WHAT THE TASK REQUIRES:
From the entries that follow, list every line in which the string "reference" appears.

RECORDS FOR THIS EXERCISE:
[Start of section]
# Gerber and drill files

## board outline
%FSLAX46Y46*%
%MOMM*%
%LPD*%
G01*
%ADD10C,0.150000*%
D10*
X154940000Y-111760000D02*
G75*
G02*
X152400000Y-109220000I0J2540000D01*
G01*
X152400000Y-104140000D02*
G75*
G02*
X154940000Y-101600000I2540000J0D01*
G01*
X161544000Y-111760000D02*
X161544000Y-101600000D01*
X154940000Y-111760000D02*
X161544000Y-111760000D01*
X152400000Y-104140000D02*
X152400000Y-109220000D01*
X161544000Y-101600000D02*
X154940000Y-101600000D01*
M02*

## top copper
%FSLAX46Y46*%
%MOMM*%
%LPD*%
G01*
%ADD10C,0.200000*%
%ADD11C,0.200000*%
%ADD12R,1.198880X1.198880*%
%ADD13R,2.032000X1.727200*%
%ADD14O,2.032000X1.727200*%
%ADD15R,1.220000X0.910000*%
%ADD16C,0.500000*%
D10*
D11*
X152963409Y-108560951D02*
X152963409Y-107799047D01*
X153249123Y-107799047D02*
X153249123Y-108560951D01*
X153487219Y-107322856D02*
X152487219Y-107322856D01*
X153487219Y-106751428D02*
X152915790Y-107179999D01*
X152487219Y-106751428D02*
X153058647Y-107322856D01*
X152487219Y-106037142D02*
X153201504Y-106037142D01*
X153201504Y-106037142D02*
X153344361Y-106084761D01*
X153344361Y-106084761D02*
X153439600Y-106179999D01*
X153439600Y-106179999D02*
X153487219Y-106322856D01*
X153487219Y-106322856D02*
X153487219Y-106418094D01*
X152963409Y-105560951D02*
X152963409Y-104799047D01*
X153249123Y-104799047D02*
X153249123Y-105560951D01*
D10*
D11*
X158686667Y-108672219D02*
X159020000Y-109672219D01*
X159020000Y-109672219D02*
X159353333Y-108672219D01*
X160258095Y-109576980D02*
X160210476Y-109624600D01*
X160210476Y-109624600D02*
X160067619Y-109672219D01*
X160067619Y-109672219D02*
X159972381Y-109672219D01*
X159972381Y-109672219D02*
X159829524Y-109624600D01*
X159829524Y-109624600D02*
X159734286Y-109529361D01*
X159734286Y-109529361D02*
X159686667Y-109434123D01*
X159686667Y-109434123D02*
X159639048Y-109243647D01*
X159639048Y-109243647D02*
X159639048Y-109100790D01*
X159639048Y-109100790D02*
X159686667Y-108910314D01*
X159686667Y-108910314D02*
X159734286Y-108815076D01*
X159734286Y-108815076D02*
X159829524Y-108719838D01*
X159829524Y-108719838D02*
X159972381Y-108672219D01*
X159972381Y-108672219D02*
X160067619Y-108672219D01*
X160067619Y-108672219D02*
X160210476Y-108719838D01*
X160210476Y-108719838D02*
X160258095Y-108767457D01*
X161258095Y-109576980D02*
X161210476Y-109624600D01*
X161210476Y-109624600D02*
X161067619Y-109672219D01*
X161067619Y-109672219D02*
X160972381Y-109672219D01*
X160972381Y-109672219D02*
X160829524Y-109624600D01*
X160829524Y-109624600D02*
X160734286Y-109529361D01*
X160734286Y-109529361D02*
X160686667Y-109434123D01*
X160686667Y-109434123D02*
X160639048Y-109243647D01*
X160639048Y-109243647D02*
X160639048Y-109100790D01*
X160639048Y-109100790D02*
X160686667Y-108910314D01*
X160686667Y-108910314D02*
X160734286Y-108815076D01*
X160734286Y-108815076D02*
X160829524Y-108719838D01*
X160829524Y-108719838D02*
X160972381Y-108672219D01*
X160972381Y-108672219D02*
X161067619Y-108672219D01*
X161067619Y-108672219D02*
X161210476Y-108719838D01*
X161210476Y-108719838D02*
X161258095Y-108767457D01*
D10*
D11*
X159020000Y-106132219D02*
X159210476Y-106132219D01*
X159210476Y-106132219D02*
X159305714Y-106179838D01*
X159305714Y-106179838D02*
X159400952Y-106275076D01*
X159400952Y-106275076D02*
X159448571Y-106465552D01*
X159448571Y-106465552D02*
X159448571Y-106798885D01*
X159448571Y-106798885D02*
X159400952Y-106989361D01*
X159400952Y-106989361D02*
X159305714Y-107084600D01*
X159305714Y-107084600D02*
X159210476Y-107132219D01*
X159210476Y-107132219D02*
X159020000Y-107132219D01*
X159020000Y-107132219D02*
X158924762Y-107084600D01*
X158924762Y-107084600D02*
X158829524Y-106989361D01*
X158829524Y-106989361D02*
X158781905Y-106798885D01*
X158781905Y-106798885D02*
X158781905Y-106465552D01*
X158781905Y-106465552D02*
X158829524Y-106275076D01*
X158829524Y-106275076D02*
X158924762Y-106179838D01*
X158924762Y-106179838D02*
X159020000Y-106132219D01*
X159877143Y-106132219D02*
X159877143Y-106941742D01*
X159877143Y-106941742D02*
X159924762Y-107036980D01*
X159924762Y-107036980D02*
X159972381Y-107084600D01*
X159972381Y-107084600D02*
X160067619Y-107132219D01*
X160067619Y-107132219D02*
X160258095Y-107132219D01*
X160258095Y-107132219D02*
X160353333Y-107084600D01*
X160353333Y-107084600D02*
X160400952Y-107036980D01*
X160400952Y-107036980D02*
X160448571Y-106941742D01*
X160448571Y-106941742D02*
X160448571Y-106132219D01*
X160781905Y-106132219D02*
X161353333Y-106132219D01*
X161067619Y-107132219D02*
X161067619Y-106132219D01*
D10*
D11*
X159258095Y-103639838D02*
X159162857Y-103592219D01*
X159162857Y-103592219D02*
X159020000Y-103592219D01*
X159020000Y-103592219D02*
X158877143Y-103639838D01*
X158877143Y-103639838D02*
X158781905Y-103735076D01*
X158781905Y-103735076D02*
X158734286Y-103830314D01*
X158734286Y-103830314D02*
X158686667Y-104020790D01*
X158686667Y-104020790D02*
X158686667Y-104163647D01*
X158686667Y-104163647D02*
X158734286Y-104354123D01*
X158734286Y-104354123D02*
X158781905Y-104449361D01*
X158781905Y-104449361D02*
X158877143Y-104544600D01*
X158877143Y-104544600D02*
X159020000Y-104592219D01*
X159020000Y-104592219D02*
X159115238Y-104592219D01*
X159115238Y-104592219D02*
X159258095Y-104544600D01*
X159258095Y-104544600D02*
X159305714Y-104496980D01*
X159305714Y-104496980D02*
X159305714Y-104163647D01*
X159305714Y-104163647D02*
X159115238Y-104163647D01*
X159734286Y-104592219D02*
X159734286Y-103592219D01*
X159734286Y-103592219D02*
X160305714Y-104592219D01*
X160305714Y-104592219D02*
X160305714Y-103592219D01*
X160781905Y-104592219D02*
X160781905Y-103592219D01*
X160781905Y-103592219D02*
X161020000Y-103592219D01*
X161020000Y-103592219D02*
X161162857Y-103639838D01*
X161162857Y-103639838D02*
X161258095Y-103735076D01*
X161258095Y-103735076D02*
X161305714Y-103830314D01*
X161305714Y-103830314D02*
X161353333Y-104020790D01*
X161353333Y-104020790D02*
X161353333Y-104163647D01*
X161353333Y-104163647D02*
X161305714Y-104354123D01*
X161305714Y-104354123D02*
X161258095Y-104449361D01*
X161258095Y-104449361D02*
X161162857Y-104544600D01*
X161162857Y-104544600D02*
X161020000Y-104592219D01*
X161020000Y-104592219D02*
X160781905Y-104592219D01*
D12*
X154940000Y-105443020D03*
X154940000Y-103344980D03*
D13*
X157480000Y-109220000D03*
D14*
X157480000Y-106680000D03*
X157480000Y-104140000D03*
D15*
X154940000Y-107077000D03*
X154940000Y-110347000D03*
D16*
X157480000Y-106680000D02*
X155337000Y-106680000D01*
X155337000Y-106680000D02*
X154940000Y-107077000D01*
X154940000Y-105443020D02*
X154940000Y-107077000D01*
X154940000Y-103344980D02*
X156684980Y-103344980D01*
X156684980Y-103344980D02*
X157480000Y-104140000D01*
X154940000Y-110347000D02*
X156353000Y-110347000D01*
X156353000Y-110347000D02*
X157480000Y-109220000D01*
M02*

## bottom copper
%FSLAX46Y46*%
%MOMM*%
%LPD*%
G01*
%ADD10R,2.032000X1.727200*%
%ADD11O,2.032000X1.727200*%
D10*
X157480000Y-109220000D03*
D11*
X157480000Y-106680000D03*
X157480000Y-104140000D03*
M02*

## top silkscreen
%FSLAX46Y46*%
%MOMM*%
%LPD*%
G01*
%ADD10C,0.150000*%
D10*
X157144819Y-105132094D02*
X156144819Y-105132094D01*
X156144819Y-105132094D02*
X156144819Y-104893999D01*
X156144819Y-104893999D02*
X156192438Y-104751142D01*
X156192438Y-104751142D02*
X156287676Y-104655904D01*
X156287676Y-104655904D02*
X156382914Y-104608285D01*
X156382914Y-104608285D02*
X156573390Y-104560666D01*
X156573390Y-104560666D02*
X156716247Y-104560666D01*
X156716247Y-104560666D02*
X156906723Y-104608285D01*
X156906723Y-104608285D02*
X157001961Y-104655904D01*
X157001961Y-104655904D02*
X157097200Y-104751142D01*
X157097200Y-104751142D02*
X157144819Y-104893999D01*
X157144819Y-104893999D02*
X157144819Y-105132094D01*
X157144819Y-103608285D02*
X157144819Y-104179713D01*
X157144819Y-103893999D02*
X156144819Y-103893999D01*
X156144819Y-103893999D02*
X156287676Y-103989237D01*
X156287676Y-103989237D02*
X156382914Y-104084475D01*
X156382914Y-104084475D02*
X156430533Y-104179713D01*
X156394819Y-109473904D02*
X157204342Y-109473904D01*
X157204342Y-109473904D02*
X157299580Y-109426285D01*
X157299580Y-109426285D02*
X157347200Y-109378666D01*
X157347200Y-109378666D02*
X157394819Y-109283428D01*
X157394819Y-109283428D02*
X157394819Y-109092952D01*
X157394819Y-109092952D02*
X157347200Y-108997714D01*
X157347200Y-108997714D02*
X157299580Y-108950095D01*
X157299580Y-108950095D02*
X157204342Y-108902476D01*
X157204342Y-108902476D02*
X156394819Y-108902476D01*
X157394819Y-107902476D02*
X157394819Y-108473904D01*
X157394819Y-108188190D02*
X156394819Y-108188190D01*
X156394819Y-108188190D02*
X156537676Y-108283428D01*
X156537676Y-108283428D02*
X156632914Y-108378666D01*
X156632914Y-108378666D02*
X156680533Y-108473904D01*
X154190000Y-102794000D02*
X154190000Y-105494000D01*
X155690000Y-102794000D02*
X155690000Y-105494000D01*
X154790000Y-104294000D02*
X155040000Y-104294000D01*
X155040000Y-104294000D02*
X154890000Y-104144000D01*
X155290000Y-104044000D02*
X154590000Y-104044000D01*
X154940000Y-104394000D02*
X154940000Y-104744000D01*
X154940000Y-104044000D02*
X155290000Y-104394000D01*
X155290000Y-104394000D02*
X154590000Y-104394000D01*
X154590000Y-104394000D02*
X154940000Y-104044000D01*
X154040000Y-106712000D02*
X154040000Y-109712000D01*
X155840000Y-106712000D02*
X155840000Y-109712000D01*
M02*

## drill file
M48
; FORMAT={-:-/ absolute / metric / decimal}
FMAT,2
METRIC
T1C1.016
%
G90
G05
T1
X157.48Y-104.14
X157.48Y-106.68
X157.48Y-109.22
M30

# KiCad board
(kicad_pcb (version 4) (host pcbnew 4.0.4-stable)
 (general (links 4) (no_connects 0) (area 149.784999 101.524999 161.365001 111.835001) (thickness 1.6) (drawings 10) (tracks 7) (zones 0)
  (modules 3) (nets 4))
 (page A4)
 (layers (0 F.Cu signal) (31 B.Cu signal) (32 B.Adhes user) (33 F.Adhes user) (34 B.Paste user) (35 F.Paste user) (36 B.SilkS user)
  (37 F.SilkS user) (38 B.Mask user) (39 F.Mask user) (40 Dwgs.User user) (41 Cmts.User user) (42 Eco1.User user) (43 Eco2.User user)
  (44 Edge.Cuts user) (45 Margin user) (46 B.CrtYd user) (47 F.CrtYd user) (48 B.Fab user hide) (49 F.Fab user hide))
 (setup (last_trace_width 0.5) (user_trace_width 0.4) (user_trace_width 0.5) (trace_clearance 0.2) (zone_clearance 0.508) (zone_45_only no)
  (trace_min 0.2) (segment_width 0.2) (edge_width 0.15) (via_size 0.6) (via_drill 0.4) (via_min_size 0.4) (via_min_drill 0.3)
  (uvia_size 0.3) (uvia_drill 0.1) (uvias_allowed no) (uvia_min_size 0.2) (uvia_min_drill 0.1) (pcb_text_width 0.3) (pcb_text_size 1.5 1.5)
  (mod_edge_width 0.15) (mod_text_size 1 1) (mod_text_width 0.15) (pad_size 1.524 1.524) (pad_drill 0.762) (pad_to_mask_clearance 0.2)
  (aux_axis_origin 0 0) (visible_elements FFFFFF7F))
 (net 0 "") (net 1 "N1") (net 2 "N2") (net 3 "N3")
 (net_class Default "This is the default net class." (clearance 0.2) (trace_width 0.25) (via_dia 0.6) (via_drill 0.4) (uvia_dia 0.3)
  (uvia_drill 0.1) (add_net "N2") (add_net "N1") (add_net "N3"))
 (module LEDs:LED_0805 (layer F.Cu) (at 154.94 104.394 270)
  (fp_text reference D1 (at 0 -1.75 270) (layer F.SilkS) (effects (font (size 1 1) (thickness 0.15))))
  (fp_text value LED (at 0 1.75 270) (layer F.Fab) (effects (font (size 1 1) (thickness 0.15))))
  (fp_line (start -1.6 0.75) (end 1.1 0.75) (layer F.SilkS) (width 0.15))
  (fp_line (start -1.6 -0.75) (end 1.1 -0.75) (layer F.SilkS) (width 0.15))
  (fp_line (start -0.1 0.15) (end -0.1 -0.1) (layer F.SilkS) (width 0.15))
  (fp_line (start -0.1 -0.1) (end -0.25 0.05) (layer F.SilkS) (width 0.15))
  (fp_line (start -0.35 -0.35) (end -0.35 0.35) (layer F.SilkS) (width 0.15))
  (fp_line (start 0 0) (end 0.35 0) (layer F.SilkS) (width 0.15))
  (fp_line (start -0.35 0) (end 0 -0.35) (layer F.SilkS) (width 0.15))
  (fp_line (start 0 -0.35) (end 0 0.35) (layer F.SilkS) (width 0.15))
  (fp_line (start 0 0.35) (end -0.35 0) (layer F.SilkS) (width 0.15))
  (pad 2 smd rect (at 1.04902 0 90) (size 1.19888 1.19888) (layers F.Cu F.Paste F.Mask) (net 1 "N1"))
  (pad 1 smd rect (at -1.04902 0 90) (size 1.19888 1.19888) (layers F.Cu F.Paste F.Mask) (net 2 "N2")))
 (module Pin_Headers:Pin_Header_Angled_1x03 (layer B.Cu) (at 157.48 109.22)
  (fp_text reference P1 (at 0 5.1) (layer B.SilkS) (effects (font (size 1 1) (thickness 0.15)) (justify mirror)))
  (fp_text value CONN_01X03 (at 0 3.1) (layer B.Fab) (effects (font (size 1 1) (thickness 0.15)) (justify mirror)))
[End of section]
EXERCISE RESPONSE:
  (fp_text reference D1 (at 0 -1.75 270) (layer F.SilkS) (effects (font (size 1 1) (thickness 0.15))))
  (fp_text reference P1 (at 0 5.1) (layer B.SilkS) (effects (font (size 1 1) (thickness 0.15)) (justify mirror)))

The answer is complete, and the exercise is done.